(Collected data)
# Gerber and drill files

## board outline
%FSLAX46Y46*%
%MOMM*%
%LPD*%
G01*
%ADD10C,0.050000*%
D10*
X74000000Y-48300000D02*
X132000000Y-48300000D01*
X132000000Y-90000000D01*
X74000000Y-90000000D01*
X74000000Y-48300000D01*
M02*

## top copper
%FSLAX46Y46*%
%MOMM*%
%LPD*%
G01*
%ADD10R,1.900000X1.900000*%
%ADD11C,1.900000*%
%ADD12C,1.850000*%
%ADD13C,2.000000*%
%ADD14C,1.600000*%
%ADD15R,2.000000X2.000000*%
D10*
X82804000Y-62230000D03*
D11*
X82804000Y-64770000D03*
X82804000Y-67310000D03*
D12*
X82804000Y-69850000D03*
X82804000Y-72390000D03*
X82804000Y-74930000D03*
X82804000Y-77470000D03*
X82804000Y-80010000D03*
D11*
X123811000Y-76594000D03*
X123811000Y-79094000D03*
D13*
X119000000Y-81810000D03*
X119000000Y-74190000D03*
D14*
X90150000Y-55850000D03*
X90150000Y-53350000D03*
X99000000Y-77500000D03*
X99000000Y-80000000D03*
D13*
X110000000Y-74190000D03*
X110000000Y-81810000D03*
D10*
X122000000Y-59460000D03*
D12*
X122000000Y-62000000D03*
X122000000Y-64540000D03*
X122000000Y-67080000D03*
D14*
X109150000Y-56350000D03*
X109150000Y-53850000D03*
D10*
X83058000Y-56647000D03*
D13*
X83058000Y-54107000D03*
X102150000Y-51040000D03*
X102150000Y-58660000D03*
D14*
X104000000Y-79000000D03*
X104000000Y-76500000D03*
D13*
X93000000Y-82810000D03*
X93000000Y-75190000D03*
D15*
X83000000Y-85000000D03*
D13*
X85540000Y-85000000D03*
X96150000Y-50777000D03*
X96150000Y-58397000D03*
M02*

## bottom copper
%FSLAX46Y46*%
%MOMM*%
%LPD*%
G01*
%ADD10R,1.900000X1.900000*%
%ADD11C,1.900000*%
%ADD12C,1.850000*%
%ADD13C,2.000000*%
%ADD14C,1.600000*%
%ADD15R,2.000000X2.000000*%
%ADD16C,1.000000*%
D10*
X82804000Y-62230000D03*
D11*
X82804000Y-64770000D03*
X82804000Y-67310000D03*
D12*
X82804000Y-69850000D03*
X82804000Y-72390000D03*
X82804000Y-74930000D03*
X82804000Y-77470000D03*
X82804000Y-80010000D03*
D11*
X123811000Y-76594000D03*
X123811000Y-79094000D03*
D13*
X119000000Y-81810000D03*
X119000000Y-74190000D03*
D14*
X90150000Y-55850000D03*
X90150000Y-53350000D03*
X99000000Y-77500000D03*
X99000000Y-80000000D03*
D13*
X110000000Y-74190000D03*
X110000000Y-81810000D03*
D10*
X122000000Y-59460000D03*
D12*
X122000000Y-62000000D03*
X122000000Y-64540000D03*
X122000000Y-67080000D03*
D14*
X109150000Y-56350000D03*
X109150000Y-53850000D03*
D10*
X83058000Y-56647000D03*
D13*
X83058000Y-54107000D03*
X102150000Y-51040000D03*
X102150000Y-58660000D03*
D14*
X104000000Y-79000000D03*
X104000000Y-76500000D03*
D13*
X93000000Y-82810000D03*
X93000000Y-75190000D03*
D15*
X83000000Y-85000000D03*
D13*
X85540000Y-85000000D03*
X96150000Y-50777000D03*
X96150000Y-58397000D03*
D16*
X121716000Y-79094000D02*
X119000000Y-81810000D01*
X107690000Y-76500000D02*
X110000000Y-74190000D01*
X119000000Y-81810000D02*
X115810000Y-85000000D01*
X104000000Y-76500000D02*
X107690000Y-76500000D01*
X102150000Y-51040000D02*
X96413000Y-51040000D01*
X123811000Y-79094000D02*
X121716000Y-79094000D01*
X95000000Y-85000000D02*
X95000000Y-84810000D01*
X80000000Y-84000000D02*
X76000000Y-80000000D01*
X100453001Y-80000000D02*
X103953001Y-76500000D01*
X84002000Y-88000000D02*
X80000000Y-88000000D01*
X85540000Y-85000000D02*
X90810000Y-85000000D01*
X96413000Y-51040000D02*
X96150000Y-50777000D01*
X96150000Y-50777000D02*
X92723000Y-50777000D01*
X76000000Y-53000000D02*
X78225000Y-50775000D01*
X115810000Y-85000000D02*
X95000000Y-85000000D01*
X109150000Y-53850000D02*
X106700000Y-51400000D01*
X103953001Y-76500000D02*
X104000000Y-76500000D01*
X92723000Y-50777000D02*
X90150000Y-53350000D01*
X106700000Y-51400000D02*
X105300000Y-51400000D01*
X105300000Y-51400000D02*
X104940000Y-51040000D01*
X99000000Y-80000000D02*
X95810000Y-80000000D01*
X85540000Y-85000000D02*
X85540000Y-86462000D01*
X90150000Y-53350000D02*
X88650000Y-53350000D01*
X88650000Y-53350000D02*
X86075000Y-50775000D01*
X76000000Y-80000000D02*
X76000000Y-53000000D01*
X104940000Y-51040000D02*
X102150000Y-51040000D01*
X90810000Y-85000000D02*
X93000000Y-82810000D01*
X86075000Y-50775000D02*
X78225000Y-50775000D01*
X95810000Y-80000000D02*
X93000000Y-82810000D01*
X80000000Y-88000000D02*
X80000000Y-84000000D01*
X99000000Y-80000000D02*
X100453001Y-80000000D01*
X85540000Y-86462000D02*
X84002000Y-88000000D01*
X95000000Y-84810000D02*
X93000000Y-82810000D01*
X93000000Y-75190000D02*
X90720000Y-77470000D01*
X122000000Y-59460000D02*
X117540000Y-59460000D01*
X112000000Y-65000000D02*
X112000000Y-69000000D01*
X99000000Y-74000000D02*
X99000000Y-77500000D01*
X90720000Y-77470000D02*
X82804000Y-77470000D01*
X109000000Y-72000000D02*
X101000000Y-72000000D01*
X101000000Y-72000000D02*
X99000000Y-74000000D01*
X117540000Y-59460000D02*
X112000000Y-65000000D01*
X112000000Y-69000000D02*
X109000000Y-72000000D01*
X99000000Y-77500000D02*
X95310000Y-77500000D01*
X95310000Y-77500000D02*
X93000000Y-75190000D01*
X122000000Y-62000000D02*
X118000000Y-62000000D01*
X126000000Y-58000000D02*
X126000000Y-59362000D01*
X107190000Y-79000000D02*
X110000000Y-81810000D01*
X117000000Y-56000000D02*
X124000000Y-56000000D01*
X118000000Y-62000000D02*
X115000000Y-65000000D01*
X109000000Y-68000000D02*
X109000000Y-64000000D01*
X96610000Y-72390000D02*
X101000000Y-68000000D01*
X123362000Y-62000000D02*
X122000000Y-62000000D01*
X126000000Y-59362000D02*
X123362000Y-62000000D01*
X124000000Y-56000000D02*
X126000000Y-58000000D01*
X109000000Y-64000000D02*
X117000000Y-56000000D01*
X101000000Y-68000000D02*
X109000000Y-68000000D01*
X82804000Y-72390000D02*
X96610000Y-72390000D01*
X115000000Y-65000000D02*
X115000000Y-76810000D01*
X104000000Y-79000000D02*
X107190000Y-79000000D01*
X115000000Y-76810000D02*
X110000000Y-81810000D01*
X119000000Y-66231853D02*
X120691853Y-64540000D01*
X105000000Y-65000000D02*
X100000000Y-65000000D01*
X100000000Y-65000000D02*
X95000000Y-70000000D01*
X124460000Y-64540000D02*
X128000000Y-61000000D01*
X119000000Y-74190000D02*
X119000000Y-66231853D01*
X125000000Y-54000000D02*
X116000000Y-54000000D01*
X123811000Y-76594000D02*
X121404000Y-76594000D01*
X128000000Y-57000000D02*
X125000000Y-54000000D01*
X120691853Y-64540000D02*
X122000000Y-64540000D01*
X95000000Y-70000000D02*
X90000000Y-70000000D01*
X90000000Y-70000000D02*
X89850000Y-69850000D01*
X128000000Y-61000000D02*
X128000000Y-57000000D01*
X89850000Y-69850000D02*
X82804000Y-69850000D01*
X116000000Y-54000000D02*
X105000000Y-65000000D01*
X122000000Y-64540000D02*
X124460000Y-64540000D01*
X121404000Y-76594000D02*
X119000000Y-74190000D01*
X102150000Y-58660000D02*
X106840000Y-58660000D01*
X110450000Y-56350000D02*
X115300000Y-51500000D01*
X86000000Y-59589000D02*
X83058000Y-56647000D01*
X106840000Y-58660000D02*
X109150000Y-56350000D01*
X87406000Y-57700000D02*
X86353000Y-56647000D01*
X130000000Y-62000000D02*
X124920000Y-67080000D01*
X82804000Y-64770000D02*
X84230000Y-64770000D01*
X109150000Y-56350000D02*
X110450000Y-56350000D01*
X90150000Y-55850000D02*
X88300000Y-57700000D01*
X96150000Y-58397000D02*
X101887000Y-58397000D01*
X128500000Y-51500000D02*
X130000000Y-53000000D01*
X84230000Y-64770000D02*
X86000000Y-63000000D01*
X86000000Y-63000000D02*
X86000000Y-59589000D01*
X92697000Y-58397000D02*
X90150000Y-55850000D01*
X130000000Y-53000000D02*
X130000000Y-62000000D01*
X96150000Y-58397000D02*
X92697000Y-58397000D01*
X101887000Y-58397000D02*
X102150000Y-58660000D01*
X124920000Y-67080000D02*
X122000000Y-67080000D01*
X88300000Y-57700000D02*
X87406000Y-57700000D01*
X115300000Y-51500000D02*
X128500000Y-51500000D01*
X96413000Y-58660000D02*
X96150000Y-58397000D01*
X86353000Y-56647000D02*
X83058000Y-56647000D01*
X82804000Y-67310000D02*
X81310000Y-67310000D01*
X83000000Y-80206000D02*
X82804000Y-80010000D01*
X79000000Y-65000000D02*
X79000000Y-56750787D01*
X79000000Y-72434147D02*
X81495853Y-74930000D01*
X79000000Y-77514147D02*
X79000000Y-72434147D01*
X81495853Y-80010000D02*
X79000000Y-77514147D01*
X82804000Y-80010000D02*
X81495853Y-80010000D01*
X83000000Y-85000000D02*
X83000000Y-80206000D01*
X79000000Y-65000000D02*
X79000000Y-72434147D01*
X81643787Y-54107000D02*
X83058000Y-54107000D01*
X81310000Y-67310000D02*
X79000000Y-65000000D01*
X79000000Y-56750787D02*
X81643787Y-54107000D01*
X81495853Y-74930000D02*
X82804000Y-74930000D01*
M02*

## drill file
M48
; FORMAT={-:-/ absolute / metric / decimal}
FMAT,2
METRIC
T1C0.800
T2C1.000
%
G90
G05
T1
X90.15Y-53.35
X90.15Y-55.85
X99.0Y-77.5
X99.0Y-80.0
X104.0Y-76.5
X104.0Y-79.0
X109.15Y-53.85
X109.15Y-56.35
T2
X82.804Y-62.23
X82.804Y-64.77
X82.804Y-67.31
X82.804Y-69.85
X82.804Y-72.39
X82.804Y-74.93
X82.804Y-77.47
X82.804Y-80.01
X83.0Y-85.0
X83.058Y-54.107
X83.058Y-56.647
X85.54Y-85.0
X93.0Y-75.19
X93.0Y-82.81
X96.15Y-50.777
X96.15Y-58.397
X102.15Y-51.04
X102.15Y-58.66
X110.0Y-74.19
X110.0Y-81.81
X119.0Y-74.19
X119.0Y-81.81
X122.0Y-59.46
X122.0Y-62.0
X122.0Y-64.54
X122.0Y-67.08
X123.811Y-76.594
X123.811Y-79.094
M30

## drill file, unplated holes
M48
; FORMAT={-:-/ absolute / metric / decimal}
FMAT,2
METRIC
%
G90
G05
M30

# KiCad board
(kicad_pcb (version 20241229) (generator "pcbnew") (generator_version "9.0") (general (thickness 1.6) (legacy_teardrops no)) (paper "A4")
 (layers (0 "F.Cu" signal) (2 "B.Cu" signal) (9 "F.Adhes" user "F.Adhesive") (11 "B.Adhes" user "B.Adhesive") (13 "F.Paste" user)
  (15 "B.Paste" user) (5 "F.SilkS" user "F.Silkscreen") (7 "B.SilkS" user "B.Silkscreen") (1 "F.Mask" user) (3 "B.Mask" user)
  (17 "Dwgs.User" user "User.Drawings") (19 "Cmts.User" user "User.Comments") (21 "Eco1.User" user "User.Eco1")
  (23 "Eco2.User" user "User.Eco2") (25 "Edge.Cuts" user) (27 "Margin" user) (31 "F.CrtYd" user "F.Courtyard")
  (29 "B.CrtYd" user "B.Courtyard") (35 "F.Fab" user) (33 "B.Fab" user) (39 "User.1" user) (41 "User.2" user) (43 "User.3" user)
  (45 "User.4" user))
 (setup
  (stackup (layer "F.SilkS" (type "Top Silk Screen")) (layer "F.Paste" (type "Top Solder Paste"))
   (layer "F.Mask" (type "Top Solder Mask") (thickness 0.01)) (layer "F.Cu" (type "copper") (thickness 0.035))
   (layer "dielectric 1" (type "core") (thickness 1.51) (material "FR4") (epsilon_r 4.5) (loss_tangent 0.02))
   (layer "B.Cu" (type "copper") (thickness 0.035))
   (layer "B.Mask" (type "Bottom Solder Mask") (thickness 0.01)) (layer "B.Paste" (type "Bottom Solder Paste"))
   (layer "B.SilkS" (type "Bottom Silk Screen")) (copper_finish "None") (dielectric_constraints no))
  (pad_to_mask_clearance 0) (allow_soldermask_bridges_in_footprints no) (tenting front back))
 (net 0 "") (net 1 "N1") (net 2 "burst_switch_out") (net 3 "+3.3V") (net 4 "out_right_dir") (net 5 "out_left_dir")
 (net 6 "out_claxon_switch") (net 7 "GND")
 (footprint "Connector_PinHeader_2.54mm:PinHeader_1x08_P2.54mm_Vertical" (layer "F.Cu") (at 82.804 62.23)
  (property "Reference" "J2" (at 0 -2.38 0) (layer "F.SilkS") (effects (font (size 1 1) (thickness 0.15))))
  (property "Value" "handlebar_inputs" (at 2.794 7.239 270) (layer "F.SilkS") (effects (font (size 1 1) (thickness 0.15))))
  (pad "1" thru_hole rect (at 0 0) (size 1.9 1.9) (drill 1) (layers "*.Cu" "*.Mask") (remove_unused_layers no) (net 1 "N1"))
  (pad "2" thru_hole circle (at 0 2.54) (size 1.9 1.9) (drill 1) (layers "*.Cu" "*.Mask") (remove_unused_layers no)
   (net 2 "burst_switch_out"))
  (pad "3" thru_hole circle (at 0 5.08) (size 1.9 1.9) (drill 1) (layers "*.Cu" "*.Mask") (remove_unused_layers no) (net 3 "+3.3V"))
  (pad "4" thru_hole circle (at 0 7.62) (size 1.85 1.85) (drill 1) (layers "*.Cu" "*.Mask") (remove_unused_layers no)
   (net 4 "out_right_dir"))
  (pad "5" thru_hole circle (at 0 10.16) (size 1.85 1.85) (drill 1) (layers "*.Cu" "*.Mask") (remove_unused_layers no)
   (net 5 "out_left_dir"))
  (pad "6" thru_hole circle (at 0 12.7) (size 1.85 1.85) (drill 1) (layers "*.Cu" "*.Mask") (remove_unused_layers no) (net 3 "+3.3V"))
  (pad "7" thru_hole circle (at 0 15.24) (size 1.85 1.85) (drill 1) (layers "*.Cu" "*.Mask") (remove_unused_layers no)
   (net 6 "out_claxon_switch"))
  (pad "8" thru_hole circle (at 0 17.78) (size 1.85 1.85) (drill 1) (layers "*.Cu" "*.Mask") (remove_unused_layers no) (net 3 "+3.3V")))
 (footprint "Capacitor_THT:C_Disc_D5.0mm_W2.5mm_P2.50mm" (layer "F.Cu") (at 123.811 76.594 -90)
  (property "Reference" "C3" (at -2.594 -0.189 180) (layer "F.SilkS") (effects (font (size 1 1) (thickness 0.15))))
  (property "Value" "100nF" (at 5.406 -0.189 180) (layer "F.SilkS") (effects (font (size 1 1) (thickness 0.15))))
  (pad "1" thru_hole circle (at 0 0 270) (size 1.9 1.9) (drill 1) (layers "*.Cu" "*.Mask") (remove_unused_layers no) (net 4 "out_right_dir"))
  (pad "2" thru_hole circle (at 2.5 0 270) (size 1.9 1.9) (drill 1) (layers "*.Cu" "*.Mask") (remove_unused_layers no) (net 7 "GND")))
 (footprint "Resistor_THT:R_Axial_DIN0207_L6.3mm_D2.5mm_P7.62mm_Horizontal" (layer "F.Cu") (at 119 81.81 90)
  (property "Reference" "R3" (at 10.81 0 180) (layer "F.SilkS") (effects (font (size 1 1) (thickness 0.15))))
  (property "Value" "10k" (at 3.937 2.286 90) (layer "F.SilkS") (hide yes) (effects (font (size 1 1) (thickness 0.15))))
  (pad "1" thru_hole circle (at 0 0 90) (size 2 2) (drill 1) (layers "*.Cu" "*.Mask") (remove_unused_layers no) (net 7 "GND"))
  (pad "2" thru_hole circle (at 7.62 0 90) (size 2 2) (drill 1) (layers "*.Cu" "*.Mask") (remove_unused_layers no) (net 4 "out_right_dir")))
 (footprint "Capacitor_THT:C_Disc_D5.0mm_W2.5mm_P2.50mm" (layer "F.Cu") (at 90.15 55.85 90)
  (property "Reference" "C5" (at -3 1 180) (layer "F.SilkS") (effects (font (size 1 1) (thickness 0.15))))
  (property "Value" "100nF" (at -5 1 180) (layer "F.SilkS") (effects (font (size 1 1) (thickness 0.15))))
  (pad "1" thru_hole circle (at 0 0 90) (size 1.6 1.6) (drill 0.8) (layers "*.Cu" "*.Mask") (remove_unused_layers no)
   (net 2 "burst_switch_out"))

(TASK): Count each line above where the string "user" occurs. Give the number only.

(EXPECTED OUTPUT): 6